The modernized version, designated E-3B, has been under construction since 1984. 24 E-3A aircraft were converted into this modification. Simultaneously with the radar, passive detection means were developed, recording the operation of on-board radars and other aviation radio-technical systems.
The aircraft, upgraded to the AWACS Block 30/35 level, received an AB / AYR-1 electronic reconnaissance station. Visually, they differ from earlier modifications by lateral antennas (on the right and left sides), approximately 4x1 meters in size, which protrude about 0.5 meters beyond the fuselage contours.
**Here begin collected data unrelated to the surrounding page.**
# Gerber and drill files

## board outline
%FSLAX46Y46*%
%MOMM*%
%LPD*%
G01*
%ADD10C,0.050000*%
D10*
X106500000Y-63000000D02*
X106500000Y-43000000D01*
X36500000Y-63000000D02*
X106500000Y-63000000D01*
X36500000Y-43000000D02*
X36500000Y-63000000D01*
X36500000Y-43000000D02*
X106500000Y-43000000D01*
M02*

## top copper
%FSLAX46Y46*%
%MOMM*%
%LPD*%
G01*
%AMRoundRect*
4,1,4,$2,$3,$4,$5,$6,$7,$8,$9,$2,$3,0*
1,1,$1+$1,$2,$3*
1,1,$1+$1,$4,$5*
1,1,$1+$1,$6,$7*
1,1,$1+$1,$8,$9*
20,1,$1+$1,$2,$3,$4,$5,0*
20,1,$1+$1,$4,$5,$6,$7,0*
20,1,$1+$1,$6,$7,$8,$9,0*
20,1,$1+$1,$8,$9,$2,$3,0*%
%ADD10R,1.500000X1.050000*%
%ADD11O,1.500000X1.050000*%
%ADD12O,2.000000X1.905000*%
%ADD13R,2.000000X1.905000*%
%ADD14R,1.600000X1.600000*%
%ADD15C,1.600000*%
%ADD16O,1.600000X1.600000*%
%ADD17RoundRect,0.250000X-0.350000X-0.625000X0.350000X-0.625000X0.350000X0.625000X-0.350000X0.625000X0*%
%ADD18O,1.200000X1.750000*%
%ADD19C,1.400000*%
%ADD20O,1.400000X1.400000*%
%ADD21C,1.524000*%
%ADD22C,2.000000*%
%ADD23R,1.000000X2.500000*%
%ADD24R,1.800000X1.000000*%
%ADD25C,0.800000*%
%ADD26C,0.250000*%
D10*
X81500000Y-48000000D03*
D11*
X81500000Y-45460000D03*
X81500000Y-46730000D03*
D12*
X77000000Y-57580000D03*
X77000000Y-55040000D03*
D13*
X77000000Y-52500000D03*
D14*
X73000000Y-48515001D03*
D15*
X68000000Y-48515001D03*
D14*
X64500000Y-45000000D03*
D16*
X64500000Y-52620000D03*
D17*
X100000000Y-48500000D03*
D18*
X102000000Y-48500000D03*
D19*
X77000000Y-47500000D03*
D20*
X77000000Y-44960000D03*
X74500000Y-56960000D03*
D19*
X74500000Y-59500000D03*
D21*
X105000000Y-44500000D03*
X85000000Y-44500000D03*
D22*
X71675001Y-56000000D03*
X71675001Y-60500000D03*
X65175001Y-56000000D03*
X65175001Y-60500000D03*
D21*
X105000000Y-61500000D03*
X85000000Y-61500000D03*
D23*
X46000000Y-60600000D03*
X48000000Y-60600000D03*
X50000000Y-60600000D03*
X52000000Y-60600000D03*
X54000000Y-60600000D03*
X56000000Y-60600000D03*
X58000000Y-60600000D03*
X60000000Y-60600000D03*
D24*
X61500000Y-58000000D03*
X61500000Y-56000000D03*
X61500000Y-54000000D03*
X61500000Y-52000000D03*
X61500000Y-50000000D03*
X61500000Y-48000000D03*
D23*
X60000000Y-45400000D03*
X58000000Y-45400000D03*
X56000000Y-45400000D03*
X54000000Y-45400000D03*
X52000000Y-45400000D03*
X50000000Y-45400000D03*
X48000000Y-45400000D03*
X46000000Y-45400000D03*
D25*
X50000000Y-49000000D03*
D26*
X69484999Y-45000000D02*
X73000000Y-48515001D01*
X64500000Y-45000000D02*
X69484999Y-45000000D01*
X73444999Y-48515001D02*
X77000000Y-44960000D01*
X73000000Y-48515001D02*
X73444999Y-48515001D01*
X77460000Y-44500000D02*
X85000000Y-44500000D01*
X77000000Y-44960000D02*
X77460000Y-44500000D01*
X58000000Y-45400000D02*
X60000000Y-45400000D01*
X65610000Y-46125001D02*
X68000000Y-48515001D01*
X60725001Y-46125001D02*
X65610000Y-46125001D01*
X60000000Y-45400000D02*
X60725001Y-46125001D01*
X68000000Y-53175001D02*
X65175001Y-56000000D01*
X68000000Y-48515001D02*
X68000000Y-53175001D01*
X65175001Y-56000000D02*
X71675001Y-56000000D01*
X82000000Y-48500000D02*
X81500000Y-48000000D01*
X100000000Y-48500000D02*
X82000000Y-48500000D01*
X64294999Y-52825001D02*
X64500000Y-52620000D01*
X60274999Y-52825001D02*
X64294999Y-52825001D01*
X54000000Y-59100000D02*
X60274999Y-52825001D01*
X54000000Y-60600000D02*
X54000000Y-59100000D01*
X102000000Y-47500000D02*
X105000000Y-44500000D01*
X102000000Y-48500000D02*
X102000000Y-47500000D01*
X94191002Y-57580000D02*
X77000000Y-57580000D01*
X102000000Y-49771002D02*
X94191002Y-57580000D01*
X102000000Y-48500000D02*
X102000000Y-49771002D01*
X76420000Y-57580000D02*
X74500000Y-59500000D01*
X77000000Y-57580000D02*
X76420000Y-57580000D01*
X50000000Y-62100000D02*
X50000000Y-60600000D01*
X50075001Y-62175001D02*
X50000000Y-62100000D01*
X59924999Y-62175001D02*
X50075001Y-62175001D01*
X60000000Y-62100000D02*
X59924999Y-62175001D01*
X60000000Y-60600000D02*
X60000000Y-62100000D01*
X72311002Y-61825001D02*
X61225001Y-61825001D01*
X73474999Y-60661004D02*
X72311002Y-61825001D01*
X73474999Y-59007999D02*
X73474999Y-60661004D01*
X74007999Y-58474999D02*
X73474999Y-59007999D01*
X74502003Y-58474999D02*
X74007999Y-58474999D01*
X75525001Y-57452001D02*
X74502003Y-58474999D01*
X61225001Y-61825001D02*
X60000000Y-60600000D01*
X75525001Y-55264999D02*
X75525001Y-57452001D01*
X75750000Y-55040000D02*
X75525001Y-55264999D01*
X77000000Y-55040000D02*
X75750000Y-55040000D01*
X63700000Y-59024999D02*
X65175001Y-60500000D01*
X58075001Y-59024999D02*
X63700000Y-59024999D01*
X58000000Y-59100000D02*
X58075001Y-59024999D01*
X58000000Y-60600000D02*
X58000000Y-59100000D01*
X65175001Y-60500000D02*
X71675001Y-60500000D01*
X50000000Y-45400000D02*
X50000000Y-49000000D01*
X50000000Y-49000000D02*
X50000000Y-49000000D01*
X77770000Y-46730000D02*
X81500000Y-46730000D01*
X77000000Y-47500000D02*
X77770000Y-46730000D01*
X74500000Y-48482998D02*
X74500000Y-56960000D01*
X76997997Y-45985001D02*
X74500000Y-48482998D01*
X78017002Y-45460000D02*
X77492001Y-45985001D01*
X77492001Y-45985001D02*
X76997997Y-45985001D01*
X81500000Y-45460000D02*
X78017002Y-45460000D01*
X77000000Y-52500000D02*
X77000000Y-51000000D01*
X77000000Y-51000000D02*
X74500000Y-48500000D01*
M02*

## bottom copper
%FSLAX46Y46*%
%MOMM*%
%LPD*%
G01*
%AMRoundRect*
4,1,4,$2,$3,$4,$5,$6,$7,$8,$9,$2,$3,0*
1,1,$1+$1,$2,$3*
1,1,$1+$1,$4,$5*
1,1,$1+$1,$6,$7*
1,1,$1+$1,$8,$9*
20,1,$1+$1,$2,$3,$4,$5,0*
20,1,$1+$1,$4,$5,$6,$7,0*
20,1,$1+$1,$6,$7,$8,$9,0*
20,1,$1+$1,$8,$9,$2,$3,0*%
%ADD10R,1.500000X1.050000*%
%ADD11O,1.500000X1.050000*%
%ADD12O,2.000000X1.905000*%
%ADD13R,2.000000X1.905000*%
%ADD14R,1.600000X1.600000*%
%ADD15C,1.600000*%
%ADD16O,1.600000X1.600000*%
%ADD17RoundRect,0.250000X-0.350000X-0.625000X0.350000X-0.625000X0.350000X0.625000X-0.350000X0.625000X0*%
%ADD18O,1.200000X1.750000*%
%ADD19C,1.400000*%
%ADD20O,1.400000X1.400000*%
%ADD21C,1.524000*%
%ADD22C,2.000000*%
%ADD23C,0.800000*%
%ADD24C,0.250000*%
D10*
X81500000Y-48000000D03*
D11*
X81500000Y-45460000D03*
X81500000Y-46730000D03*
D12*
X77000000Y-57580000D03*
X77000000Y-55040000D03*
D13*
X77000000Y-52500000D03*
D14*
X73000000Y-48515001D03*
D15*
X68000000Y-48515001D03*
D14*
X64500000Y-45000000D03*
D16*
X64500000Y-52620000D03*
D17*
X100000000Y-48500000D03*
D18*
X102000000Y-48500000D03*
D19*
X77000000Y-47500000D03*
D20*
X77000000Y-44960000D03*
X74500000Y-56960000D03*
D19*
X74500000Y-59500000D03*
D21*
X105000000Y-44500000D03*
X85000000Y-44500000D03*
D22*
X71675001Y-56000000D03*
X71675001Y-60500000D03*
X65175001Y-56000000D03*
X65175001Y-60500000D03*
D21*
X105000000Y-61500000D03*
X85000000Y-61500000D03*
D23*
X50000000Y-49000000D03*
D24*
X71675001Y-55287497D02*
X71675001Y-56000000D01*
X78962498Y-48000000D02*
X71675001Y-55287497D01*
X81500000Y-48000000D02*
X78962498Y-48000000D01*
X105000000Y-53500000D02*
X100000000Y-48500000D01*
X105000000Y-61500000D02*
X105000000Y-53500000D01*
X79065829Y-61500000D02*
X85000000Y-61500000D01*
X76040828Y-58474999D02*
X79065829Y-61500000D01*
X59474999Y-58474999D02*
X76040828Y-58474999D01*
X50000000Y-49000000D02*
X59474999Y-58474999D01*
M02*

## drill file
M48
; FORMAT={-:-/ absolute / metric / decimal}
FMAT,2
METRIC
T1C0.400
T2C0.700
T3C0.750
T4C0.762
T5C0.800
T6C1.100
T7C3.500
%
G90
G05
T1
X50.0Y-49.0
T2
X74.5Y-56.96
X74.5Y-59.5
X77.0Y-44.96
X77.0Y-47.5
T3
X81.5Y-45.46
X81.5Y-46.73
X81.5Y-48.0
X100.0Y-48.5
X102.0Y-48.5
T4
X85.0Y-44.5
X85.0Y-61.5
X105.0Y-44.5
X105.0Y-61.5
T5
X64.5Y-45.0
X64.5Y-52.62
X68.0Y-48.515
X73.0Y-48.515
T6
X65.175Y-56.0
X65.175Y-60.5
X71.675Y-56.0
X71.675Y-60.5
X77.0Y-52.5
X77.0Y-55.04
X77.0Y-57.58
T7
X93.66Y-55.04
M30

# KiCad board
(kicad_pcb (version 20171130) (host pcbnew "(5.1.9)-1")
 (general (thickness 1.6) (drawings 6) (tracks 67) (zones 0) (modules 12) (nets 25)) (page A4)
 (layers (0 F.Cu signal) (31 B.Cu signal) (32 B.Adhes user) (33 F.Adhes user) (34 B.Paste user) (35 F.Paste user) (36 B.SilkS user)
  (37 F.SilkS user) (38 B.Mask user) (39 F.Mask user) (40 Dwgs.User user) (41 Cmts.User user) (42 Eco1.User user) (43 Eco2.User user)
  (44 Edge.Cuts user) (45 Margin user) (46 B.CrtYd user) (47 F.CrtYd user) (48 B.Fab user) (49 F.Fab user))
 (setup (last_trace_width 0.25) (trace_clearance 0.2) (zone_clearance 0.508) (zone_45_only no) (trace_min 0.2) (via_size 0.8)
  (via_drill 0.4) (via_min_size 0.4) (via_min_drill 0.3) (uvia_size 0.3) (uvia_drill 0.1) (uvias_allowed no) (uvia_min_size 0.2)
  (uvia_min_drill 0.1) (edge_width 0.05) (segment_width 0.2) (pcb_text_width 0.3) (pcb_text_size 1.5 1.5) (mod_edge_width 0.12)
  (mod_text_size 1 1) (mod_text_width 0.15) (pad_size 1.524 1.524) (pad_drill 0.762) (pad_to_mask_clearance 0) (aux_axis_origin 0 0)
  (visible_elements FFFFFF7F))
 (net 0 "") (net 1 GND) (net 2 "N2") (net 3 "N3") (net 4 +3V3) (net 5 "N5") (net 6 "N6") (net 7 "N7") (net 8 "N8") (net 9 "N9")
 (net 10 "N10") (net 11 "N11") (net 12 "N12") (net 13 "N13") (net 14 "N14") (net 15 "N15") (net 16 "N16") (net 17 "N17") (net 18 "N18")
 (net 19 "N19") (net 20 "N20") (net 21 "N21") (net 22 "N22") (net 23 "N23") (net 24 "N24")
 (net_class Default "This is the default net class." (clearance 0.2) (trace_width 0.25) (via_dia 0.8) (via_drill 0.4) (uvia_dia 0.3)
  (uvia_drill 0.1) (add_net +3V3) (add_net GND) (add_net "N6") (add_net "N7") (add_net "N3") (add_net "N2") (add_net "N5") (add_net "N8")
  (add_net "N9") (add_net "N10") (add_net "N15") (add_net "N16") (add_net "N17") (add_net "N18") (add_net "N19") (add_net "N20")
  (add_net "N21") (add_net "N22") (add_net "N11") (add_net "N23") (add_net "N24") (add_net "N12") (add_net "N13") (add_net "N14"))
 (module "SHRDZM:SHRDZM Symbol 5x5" (layer F.Cu) (at 101 59.5)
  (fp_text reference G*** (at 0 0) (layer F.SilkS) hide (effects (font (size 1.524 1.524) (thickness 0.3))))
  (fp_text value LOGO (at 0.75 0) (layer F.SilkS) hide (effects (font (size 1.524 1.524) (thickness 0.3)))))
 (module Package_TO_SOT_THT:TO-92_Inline (layer F.Cu) (at 81.5 48 90)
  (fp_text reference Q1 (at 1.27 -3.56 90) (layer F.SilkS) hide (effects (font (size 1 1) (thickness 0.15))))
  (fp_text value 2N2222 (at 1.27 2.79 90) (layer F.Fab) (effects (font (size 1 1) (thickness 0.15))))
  (pad 1 thru_hole rect (at 0 0 90) (size 1.05 1.5) (drill 0.75) (layers *.Cu *.Mask) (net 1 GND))
  (pad 3 thru_hole oval (at 2.54 0 90) (size 1.05 1.5) (drill 0.75) (layers *.Cu *.Mask) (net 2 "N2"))
  (pad 2 thru_hole oval (at 1.27 0 90) (size 1.05 1.5) (drill 0.75) (layers *.Cu *.Mask) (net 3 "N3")))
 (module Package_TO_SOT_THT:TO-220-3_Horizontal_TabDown (layer F.Cu) (at 77 52.5 270)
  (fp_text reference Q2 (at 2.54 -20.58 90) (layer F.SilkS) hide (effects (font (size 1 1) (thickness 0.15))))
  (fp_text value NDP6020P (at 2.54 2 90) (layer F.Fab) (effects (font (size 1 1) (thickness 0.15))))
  (pad 3 thru_hole oval (at 5.08 0 270) (size 1.905 2) (drill 1.1) (layers *.Cu *.Mask) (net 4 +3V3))
  (pad 2 thru_hole oval (at 2.54 0 270) (size 1.905 2) (drill 1.1) (layers *.Cu *.Mask) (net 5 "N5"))
  (pad 1 thru_hole rect (at 0 0 270) (size 1.905 2) (drill 1.1) (layers *.Cu *.Mask) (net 2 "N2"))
There are also antennas in the nose and tail of the aircraft. The station consists of 23 modules with a total weight of 850 kg. After the installation of the RTR station on board the aircraft, it was necessary to equip a workplace for another operator. In addition to the US Air Force aircraft, NATO AWACS aircraft underwent a similar revision.
The station is based on two digital receivers united by a processor unit. Which, in addition to instantaneous frequency measurement, carry out amplitude direction finding and parametric recognition of the type of intercepted radiation source. According to data published in open sources, the AB / AYR-1 recognition system is capable of identifying more than 500 types of ground and airborne radars. The station, operating in the frequency range 2-18 GHz, provides circular scanning in a sector of 360 degrees and direction finding of radio emission sources with an error of no more than 3 degrees at a distance of 250 km. Its performance is approximately 100 recognition of radiation sources in 10 s. The maximum operating range of the AB / AYR-1 reconnaissance radio equipment over powerful signal sources exceeds 500 km.
Following the E-3B variant, the E-3C appeared, featuring improved avionics. On this model, in addition to new, more high-performance computers, the APS-133 navigation radar and the AIL APX-103 IFF / TADIL-J digital communication equipment were installed. On this modification, the equipment for displaying radar information was also updated. All cathode ray tube monitors have been replaced with plasma or LCD panels.
British AWACS aircraft Sentry AEW.1, accompanied by interceptors Tornado F.3
The modification with CFM International CFM56-2A engines for the British Air Force received the designation E-3D (Sentry AEW.1). The first aircraft was handed over to the RAF in March 1991; in total, the United Kingdom ordered 7 aircraft. Four AWACS E-3F aircraft with the same engines but different avionics were bought by France.
Modernization of the E-3 Sentry at Tinker airbase
In 2003, the United States allocated $ 2.2 billion to modernize the existing Sentry fleet. In 2007, practical work on modifying Block 40/45 began at Tinker airbase. The first US Air Force E-3G reached full combat readiness in 2015. It is planned to re-equip all American aircraft of the AWACS system with a sufficient flight resource into this version.